Túnez (2) Visita los lugares más emblemáticos en un día: Sidi Bu Said, El Bardo y Cartago


Encontré los hostales más baratos alrededor de la plaza de Barcelone. Habitaciones individuales a precios decentes con lavadero pero sin ducha. Por la mañana me dirigí al baño comunitario y me encontré un lavabo y una manguera. No parecía haber un agujero para drenar el agua así que deduje que no existía ducha en el hostal. Comprobé distintos lavabos comunitarios por el hostal y me encontré con la misma disposición: Un lavabo, una manguera y un suelo completamente liso sin salida para el agua. Comprobé que nadie andaba por los pasillos y me decidí a darme una rápida ducha con esa manguera, agachado para poder lavarme la cabeza y con la ropa colgando de la puerta.
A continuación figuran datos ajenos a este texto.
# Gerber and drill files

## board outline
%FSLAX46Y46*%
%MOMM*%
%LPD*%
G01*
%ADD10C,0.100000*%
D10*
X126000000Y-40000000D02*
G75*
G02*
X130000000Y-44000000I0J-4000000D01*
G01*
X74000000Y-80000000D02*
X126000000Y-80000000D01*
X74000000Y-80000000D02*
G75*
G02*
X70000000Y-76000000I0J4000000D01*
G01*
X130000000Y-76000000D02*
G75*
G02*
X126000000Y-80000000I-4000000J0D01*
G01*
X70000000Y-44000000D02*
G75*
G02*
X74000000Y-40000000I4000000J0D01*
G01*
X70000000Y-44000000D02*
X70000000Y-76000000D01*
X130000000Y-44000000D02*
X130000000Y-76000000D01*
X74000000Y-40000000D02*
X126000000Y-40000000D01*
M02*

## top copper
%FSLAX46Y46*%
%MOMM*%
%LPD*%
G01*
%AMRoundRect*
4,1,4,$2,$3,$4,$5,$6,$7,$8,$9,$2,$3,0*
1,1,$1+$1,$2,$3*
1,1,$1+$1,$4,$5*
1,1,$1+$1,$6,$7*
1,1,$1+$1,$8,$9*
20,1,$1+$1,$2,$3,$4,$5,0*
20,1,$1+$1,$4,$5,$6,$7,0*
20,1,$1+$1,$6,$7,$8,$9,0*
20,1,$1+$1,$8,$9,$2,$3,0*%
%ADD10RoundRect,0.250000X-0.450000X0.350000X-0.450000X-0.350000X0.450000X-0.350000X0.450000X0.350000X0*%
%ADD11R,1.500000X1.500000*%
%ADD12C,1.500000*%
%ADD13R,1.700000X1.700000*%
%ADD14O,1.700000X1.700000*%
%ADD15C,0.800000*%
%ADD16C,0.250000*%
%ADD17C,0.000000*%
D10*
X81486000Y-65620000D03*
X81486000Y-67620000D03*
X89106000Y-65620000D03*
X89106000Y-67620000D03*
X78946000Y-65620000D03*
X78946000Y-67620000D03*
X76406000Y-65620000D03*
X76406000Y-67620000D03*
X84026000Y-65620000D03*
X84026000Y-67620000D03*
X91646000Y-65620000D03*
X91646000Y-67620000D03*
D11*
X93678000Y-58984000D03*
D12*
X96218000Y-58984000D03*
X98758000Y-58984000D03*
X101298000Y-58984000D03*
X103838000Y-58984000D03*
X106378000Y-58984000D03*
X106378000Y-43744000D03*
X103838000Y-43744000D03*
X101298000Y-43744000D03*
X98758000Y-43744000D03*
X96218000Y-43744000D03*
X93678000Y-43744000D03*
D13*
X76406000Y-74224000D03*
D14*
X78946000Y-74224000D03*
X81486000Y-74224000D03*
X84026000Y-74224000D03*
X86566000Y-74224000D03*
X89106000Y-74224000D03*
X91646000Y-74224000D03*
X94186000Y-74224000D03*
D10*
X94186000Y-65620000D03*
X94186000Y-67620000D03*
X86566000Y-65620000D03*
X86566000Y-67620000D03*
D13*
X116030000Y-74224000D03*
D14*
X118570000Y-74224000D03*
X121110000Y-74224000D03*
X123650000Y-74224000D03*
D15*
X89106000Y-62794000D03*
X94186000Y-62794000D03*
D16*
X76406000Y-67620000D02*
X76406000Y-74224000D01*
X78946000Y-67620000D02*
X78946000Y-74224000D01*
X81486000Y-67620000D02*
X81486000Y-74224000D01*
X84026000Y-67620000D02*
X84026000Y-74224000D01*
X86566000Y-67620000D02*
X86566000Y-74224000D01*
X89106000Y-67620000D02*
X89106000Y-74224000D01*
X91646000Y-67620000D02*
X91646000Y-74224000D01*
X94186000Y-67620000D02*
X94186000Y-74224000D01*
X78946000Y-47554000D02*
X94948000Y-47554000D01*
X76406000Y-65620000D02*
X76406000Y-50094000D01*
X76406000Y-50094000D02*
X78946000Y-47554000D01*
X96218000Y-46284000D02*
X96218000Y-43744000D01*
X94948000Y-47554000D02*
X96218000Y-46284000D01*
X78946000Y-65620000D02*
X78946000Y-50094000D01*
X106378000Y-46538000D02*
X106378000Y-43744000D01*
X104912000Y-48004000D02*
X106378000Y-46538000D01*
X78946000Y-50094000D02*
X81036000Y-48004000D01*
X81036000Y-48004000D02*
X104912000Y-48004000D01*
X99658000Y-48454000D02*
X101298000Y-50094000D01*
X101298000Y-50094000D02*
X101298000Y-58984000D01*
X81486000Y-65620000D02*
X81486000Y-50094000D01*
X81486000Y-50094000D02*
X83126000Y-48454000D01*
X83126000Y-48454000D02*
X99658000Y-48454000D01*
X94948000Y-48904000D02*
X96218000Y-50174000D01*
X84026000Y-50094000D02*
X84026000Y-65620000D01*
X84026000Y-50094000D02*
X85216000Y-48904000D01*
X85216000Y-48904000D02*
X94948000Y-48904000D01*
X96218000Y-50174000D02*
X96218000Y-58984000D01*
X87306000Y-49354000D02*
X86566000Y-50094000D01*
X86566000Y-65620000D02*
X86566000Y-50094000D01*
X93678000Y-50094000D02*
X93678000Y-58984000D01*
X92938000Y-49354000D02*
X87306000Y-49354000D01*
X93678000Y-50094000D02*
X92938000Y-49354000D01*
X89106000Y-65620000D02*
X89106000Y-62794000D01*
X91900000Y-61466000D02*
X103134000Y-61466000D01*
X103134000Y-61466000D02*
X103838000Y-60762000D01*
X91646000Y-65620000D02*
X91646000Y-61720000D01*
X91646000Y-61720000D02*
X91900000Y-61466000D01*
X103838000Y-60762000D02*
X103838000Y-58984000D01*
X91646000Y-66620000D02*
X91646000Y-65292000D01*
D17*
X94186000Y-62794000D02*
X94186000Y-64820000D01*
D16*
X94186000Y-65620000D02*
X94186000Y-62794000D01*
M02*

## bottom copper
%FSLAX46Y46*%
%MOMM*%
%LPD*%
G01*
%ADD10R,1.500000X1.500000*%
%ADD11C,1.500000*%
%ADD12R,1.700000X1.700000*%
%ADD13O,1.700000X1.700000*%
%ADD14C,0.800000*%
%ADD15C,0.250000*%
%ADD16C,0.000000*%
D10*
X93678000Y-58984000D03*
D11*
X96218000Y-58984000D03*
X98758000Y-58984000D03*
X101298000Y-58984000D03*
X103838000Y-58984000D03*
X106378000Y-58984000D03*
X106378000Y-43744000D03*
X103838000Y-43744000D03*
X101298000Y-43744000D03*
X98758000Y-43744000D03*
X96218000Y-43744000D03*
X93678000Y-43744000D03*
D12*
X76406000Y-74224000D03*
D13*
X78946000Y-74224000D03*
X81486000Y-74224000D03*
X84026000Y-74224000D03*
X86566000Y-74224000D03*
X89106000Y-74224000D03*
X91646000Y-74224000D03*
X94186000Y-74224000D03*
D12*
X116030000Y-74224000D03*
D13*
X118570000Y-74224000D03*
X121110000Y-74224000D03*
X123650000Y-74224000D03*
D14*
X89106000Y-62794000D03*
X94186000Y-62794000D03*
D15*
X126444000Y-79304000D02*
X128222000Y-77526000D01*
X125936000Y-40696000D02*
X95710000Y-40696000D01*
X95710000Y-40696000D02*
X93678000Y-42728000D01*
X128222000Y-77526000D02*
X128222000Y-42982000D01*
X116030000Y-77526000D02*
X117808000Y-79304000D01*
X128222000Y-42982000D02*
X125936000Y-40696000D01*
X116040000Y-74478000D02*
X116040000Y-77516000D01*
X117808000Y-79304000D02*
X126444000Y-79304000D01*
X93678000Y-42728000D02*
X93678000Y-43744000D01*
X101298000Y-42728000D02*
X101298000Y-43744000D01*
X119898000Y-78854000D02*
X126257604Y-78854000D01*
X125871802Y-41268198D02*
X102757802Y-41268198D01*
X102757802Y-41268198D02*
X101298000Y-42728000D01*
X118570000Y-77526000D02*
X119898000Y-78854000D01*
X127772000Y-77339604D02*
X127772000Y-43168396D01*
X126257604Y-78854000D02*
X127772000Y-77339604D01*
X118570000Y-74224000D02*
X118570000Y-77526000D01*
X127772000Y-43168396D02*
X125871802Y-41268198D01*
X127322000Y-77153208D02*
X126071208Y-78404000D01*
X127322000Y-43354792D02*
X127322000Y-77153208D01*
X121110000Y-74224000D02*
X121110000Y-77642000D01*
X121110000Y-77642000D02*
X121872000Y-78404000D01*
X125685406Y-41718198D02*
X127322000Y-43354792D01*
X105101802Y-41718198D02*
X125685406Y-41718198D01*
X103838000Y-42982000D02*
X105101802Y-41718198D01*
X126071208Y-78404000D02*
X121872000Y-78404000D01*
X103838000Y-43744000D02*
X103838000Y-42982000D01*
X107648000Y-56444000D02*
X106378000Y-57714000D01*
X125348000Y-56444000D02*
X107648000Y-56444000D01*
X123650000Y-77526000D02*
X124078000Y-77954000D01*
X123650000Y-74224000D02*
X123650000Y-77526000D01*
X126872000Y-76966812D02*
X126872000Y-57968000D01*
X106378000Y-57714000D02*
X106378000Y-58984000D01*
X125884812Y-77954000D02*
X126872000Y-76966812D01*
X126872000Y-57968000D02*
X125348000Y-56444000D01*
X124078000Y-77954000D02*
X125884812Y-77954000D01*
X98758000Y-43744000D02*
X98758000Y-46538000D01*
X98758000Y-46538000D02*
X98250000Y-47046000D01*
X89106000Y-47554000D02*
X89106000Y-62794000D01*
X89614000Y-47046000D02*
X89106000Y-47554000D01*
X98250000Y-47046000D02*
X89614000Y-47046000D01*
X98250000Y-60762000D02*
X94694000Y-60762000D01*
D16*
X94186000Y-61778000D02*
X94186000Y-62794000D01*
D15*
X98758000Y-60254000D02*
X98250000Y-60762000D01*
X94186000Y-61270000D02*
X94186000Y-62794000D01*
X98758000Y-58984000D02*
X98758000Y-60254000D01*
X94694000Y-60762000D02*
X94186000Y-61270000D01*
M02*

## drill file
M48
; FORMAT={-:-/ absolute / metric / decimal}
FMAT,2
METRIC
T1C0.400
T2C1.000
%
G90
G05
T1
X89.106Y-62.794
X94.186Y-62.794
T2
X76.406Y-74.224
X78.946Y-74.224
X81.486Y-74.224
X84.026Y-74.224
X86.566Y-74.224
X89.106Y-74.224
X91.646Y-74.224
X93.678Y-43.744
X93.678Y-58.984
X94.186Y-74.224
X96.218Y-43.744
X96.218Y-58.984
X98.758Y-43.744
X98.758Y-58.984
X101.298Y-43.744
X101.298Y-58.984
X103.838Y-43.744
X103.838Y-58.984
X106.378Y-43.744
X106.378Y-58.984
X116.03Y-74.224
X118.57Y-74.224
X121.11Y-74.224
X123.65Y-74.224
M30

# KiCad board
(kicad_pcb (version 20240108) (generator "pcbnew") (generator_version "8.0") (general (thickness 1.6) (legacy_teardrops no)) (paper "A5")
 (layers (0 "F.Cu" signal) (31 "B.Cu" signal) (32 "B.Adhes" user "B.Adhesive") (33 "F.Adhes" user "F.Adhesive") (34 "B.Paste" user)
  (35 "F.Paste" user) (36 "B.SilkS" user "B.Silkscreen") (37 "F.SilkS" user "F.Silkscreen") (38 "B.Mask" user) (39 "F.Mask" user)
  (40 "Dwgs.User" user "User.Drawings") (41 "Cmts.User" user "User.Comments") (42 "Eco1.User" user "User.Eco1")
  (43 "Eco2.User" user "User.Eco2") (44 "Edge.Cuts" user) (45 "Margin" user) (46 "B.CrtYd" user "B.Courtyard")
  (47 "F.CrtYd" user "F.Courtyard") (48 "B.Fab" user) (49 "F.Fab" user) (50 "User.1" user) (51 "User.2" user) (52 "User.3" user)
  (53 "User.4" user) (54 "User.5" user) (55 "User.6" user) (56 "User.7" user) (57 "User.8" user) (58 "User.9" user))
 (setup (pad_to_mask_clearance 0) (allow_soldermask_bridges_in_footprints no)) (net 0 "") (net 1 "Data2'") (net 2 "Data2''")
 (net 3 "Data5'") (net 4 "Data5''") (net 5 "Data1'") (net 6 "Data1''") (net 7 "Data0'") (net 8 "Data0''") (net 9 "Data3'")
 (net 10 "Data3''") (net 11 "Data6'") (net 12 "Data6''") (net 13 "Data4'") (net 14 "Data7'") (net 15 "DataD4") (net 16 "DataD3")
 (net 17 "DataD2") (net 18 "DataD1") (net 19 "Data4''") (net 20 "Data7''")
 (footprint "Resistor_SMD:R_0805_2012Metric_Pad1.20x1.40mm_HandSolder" (layer "F.Cu") (at 81.486 66.62 -90)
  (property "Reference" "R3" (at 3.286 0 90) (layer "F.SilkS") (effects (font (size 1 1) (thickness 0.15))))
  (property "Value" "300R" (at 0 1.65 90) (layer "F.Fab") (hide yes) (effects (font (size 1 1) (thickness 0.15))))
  (pad "1" smd roundrect (at -1 0 270) (size 1.2 1.4) (layers "F.Cu" "F.Paste" "F.Mask") (roundrect_rratio 0.2083333333) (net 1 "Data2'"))
  (pad "2" smd roundrect (at 1 0 270) (size 1.2 1.4) (layers "F.Cu" "F.Paste" "F.Mask") (roundrect_rratio 0.2083333333) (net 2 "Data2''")))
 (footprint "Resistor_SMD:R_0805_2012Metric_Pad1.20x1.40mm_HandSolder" (layer "F.Cu") (at 89.106 66.62 -90)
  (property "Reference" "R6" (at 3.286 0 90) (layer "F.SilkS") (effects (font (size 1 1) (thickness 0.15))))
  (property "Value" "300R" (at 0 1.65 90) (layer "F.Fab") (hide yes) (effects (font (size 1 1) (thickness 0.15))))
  (pad "1" smd roundrect (at -1 0 270) (size 1.2 1.4) (layers "F.Cu" "F.Paste" "F.Mask") (roundrect_rratio 0.2083333333) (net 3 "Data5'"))
  (pad "2" smd roundrect (at 1 0 270) (size 1.2 1.4) (layers "F.Cu" "F.Paste" "F.Mask") (roundrect_rratio 0.2083333333) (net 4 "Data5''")))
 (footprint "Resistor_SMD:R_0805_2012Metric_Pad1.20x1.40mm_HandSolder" (layer "F.Cu") (at 78.946 66.62 -90)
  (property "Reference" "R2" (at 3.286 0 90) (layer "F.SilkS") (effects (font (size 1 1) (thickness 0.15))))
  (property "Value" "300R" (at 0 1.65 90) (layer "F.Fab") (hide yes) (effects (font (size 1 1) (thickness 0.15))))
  (pad "1" smd roundrect (at -1 0 270) (size 1.2 1.4) (layers "F.Cu" "F.Paste" "F.Mask") (roundrect_rratio 0.2083333333) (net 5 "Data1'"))
  (pad "2" smd roundrect (at 1 0 270) (size 1.2 1.4) (layers "F.Cu" "F.Paste" "F.Mask") (roundrect_rratio 0.2083333333) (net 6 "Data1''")))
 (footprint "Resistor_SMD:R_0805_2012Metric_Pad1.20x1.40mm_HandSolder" (layer "F.Cu") (at 76.406 66.62 -90)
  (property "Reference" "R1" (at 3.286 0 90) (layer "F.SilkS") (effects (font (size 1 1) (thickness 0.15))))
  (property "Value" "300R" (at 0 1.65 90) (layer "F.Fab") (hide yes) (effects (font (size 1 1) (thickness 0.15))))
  (pad "1" smd roundrect (at -1 0 270) (size 1.2 1.4) (layers "F.Cu" "F.Paste" "F.Mask") (roundrect_rratio 0.2083333333) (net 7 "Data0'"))
  (pad "2" smd roundrect (at 1 0 270) (size 1.2 1.4) (layers "F.Cu" "F.Paste" "F.Mask") (roundrect_rratio 0.2083333333) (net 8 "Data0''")))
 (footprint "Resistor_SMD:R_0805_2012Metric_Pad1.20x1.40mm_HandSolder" (layer "F.Cu") (at 84.026 66.62 -90)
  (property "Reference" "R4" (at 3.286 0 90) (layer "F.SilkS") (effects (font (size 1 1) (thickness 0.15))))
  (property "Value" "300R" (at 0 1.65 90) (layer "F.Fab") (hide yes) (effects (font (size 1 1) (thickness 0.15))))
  (pad "1" smd roundrect (at -1 0 270) (size 1.2 1.4) (layers "F.Cu" "F.Paste" "F.Mask") (roundrect_rratio 0.2083333333) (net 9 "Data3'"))
  (pad "2" smd roundrect (at 1 0 270) (size 1.2 1.4) (layers "F.Cu" "F.Paste" "F.Mask") (roundrect_rratio 0.2083333333) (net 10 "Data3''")))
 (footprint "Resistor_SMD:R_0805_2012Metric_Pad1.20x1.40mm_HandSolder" (layer "F.Cu") (at 91.646 66.62 -90)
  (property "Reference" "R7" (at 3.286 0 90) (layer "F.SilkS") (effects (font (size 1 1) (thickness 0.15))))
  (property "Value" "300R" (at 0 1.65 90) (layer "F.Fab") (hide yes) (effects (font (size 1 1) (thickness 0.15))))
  (pad "1" smd roundrect (at -1 0 270) (size 1.2 1.4) (layers "F.Cu" "F.Paste" "F.Mask") (roundrect_rratio 0.2083333333) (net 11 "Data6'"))
  (pad "2" smd roundrect (at 1 0 270) (size 1.2 1.4) (layers "F.Cu" "F.Paste" "F.Mask") (roundrect_rratio 0.2083333333) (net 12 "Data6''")))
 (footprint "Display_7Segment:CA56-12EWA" (layer "F.Cu") (at 93.678 58.984 90)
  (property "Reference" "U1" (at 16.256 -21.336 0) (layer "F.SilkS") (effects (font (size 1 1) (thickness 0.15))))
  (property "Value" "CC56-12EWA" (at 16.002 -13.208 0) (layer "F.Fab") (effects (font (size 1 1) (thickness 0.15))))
Salí limpio y fresco y me vino de repente una mujer regordeta que me pegó la primera bronca en musulmán de mi vida. Con cuatro palabras en catalán en acento afrancesado acabamos siendo un poco más amigos y la mujer incluso me permitió usar su propio baño para ducharme en una de las suites del hostal.

Junto con Marcelo, el charrua que conocí camino a Túnez, salimos a la calle y nos dirigimos a la plaza de Barcelone de donde salen todos los tranvías de la ciudad.

El primer destino del día fue un bar: Café y croissant y listos para emprender nuestro camino al museo del Bardo. Un par de horas visitando mosaicos pueden cansar a uno no muy puesto en este tipo de arte. Perdón por mi ignorancia pero al final creía estar metido en un baño gigante… quizás fue aquella ducha matutina que me había causado algún efecto traumático.

Tras la visita al Bardo nos dirigimos a Cartago y a la ciudad costera de Sidi Bu Said. Son de hecho los tres lugares más turísticos de la capital Túnez –a excepción del centro y el bazar- y bien pueden ser visitados en un mismo día. La conexión de tranvías y autobuses por toda la ciudad permite a uno desplazarse sin problema alguno.

Cartago decepciona un poco si esperáis encontrar los restos de un pasado glorioso. Por mucha imaginación que le ponga uno es difícil construir en el aire el enorme puerto romano que regía la ciudad. Levantar columnas y anfiteatros con la imaginación en Cartago está sólo al alcance de Kandinski u otros artistas surrealistas. En Cartago ya sólo quedan cuatro piedras de su glorioso pasado.


Un poco más al norte, a dos paradas de tren, se llega a Sidi Bu Said. Una bella localidad turística pintada de blanco y azul donde los cruceros hacen parada para pasear por sus tranquilas calles y comprar souvenires.

Es un lugar idóneo para terminar un recorrido de un día que nos ha llevado por los lugares más emblemáticos de la capital de Túnez. Como premio final, una cena tranquila en una de las muchas terrazas que se esparcen por Sidi Bu Said con vistas al Mediterráneo y a Sicilia.